(Stored data)
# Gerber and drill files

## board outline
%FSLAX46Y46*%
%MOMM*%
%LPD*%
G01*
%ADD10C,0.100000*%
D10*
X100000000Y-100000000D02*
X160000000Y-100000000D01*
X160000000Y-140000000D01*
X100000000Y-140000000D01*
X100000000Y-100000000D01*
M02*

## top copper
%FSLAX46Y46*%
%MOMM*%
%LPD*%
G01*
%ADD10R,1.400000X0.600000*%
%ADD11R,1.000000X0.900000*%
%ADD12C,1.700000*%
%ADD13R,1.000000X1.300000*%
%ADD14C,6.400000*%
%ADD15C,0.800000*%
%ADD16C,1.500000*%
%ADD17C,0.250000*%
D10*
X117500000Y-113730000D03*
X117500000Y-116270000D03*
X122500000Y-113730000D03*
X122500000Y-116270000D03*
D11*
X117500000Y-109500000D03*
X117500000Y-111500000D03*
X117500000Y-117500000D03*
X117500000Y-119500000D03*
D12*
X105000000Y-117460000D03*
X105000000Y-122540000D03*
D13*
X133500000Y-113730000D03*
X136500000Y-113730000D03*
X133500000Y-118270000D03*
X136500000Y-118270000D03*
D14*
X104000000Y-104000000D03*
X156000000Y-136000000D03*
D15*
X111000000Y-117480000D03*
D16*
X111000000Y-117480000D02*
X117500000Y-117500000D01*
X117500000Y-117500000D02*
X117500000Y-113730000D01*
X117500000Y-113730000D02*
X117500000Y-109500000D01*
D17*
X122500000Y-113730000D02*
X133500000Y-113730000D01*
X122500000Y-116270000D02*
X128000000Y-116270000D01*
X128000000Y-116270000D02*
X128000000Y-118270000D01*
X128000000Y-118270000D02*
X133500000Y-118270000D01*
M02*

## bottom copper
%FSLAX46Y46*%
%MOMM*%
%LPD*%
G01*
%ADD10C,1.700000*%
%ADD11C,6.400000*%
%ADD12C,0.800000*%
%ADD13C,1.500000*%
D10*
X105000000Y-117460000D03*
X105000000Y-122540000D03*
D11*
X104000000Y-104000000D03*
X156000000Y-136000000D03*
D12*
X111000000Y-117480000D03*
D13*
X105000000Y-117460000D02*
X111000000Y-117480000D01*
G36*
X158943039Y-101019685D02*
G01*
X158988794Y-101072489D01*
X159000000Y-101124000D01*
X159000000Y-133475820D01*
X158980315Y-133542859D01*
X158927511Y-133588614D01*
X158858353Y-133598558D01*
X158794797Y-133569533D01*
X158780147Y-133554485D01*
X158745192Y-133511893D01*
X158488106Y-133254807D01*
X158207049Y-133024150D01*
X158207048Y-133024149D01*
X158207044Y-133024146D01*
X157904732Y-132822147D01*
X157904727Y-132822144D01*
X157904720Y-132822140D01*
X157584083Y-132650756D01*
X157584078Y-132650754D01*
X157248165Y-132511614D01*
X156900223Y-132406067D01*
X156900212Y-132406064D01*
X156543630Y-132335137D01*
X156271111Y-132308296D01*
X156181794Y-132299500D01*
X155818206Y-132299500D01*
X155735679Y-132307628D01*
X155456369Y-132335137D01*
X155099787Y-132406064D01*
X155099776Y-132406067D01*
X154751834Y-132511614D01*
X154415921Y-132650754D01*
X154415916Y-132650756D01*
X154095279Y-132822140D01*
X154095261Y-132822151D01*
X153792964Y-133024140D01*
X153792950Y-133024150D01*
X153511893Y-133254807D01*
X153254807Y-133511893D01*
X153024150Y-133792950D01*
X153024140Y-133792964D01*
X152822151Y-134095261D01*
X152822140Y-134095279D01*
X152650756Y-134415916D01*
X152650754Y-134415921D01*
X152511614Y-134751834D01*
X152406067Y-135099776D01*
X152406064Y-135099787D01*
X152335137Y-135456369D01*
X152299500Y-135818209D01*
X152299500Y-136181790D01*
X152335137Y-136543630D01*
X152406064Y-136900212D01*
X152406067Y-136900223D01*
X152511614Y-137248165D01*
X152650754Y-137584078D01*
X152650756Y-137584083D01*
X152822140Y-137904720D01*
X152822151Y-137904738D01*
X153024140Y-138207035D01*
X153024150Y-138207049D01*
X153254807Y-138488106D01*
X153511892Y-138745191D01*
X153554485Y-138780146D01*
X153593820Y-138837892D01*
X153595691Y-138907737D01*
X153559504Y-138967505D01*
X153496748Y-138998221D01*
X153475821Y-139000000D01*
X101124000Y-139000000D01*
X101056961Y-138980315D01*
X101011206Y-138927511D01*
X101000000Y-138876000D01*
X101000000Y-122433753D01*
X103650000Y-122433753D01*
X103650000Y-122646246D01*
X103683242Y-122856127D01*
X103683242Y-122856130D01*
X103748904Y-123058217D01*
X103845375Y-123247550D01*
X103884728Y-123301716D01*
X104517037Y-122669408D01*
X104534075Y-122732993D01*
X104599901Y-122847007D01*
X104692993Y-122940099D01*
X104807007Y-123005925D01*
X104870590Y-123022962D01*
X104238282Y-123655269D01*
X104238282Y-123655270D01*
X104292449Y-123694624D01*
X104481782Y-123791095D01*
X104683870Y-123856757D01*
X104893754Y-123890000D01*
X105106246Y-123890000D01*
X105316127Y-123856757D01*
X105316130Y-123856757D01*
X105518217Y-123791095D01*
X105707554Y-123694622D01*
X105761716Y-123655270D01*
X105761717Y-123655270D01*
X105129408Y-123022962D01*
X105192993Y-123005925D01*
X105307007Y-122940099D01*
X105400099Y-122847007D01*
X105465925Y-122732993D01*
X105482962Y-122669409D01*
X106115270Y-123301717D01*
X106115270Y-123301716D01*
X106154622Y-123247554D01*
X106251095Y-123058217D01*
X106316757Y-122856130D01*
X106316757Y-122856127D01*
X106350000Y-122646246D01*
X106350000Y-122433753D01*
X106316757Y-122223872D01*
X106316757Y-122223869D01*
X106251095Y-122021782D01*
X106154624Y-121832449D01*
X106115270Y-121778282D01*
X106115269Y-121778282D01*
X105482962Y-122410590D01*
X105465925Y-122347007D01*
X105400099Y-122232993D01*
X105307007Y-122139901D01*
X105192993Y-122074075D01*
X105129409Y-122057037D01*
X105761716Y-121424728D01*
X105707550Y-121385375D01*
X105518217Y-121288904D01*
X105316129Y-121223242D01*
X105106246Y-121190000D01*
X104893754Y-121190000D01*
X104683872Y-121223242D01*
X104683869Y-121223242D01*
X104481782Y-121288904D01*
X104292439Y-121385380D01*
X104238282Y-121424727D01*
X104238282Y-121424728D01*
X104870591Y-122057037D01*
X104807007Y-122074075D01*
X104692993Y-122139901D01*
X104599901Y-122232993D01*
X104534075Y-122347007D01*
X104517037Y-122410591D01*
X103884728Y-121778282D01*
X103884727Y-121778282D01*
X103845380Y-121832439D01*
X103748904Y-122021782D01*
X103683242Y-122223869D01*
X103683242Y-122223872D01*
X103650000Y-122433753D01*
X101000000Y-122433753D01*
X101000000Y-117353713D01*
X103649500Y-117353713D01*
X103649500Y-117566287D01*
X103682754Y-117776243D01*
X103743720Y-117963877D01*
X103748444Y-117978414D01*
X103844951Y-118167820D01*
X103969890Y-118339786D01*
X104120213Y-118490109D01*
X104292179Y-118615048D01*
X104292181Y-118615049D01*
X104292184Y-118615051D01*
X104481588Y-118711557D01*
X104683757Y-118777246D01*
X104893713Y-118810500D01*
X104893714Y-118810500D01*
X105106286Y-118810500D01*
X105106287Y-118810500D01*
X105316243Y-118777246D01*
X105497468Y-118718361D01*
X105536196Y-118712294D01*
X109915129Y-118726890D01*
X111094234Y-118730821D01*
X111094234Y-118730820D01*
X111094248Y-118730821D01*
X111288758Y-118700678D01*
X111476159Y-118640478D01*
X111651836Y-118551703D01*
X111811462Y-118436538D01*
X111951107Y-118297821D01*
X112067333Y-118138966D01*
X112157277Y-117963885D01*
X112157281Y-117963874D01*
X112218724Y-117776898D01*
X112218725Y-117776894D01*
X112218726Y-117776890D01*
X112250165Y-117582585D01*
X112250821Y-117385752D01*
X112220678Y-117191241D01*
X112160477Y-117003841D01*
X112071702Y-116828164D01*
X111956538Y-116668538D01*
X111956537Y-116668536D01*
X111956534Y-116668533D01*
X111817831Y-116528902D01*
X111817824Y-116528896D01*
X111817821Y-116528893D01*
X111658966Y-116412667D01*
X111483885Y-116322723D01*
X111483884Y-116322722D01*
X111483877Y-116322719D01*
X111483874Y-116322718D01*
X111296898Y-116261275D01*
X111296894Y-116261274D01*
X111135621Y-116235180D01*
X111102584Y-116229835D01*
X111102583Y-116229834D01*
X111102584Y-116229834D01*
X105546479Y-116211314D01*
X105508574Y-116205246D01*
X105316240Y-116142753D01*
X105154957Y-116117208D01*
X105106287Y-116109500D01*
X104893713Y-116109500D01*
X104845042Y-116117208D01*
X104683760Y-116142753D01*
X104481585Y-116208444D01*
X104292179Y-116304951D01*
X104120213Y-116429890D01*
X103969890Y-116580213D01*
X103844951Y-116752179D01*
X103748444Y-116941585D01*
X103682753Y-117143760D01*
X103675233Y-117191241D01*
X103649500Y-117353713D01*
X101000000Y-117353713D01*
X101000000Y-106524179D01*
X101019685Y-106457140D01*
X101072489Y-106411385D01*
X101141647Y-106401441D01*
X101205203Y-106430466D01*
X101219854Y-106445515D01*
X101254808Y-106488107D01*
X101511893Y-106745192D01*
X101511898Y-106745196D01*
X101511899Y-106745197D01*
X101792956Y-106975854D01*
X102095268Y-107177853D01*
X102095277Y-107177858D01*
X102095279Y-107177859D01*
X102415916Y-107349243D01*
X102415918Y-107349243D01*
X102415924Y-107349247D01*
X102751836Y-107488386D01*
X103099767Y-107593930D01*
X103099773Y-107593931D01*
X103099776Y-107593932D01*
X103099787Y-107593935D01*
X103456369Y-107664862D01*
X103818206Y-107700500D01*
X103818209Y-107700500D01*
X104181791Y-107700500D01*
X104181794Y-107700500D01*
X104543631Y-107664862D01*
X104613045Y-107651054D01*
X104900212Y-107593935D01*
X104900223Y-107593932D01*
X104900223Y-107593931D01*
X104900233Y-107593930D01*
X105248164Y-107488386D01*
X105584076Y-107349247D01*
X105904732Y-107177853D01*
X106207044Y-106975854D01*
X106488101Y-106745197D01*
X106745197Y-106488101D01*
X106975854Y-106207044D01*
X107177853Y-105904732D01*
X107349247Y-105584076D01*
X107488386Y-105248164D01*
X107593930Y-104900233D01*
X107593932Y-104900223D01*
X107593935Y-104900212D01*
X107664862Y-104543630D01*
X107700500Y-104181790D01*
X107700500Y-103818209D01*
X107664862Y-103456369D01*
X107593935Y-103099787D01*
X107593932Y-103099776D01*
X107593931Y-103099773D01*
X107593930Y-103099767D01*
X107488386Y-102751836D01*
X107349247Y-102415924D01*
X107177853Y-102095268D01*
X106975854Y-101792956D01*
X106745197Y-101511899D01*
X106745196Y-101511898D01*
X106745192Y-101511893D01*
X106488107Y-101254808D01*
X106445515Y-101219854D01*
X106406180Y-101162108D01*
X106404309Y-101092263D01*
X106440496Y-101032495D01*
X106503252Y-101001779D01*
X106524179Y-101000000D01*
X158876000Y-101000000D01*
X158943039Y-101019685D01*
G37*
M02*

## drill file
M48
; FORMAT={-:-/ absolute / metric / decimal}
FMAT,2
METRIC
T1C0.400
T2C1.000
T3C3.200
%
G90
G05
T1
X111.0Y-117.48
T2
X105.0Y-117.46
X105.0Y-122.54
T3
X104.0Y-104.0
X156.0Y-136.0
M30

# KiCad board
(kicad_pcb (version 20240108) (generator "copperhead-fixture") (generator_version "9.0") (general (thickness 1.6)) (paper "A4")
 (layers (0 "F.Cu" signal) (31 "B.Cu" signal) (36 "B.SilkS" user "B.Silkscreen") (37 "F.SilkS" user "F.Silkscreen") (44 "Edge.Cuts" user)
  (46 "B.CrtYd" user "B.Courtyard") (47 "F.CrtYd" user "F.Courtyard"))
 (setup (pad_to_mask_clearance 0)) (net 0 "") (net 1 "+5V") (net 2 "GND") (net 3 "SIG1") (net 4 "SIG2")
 (gr_rect (start 100 100) (end 160 140) (stroke (width 0.1) (type default)) (layer "Edge.Cuts"))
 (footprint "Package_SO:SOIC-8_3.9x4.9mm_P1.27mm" (layer "F.Cu") (at 120 115)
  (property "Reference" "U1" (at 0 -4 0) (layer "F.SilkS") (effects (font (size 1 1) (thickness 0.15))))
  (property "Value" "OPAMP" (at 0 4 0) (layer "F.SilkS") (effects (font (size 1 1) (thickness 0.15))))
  (pad "1" smd rect (at -2.5 -1.27) (size 1.4 0.6) (layers "F.Cu" "F.Mask" "F.Paste") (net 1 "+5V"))
  (pad "2" smd rect (at -2.5 1.27) (size 1.4 0.6) (layers "F.Cu" "F.Mask" "F.Paste") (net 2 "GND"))
  (pad "3" smd rect (at 2.5 -1.27) (size 1.4 0.6) (layers "F.Cu" "F.Mask" "F.Paste") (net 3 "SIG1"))
  (pad "4" smd rect (at 2.5 1.27) (size 1.4 0.6) (layers "F.Cu" "F.Mask" "F.Paste") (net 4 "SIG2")))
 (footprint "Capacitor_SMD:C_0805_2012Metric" (layer "F.Cu") (at 117.5 110.5)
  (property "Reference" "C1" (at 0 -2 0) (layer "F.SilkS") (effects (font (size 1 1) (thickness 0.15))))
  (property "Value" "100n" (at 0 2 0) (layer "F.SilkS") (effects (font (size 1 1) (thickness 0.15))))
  (pad "1" smd rect (at 0 -1) (size 1 0.9) (layers "F.Cu" "F.Mask" "F.Paste") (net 1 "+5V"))
  (pad "2" smd rect (at 0 1) (size 1 0.9) (layers "F.Cu" "F.Mask" "F.Paste") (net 2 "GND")))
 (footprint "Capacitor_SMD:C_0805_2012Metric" (layer "F.Cu") (at 117.5 118.5)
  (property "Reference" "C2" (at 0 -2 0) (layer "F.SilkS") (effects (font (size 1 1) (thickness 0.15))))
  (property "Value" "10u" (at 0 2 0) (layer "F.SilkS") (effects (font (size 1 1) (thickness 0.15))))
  (pad "1" smd rect (at 0 -1) (size 1 0.9) (layers "F.Cu" "F.Mask" "F.Paste") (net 1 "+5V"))
  (pad "2" smd rect (at 0 1) (size 1 0.9) (layers "F.Cu" "F.Mask" "F.Paste") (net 2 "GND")))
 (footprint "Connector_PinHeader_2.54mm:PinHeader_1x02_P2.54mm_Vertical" (layer "F.Cu") (at 105 120)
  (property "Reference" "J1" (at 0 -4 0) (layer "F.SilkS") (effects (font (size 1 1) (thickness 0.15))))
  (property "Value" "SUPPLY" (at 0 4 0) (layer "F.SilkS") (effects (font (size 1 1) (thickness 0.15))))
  (pad "1" thru_hole circle (at 0 -2.54) (size 1.7 1.7) (drill 1) (layers "*.Cu" "*.Mask") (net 1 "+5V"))
  (pad "2" thru_hole circle (at 0 2.54) (size 1.7 1.7) (drill 1) (layers "*.Cu" "*.Mask") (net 2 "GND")))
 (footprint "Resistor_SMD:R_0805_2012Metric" (layer "F.Cu") (at 135 113.73)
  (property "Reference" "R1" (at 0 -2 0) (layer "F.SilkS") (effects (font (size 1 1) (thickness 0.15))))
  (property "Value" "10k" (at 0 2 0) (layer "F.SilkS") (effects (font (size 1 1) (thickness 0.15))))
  (pad "1" smd rect (at -1.5 0) (size 1 1.3) (layers "F.Cu" "F.Mask" "F.Paste") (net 3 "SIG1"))
  (pad "2" smd rect (at 1.5 0) (size 1 1.3) (layers "F.Cu" "F.Mask" "F.Paste") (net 2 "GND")))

* **Your goal**:
Only the lines above from the line with "X122500000Y-116270000D02*" to the line with "X158794797Y-133569533D01*", those two lines included, should be reproduced exactly.

* **Output of the task**:
X122500000Y-116270000D02*
X128000000Y-116270000D01*
X128000000Y-116270000D02*
X128000000Y-118270000D01*
X128000000Y-118270000D02*
X133500000Y-118270000D01*
M02*

## bottom copper
%FSLAX46Y46*%
%MOMM*%
%LPD*%
G01*
%ADD10C,1.700000*%
%ADD11C,6.400000*%
%ADD12C,0.800000*%
%ADD13C,1.500000*%
D10*
X105000000Y-117460000D03*
X105000000Y-122540000D03*
D11*
X104000000Y-104000000D03*
X156000000Y-136000000D03*
D12*
X111000000Y-117480000D03*
D13*
X105000000Y-117460000D02*
X111000000Y-117480000D01*
G36*
X158943039Y-101019685D02*
G01*
X158988794Y-101072489D01*
X159000000Y-101124000D01*
X159000000Y-133475820D01*
X158980315Y-133542859D01*
X158927511Y-133588614D01*
X158858353Y-133598558D01*
X158794797Y-133569533D01*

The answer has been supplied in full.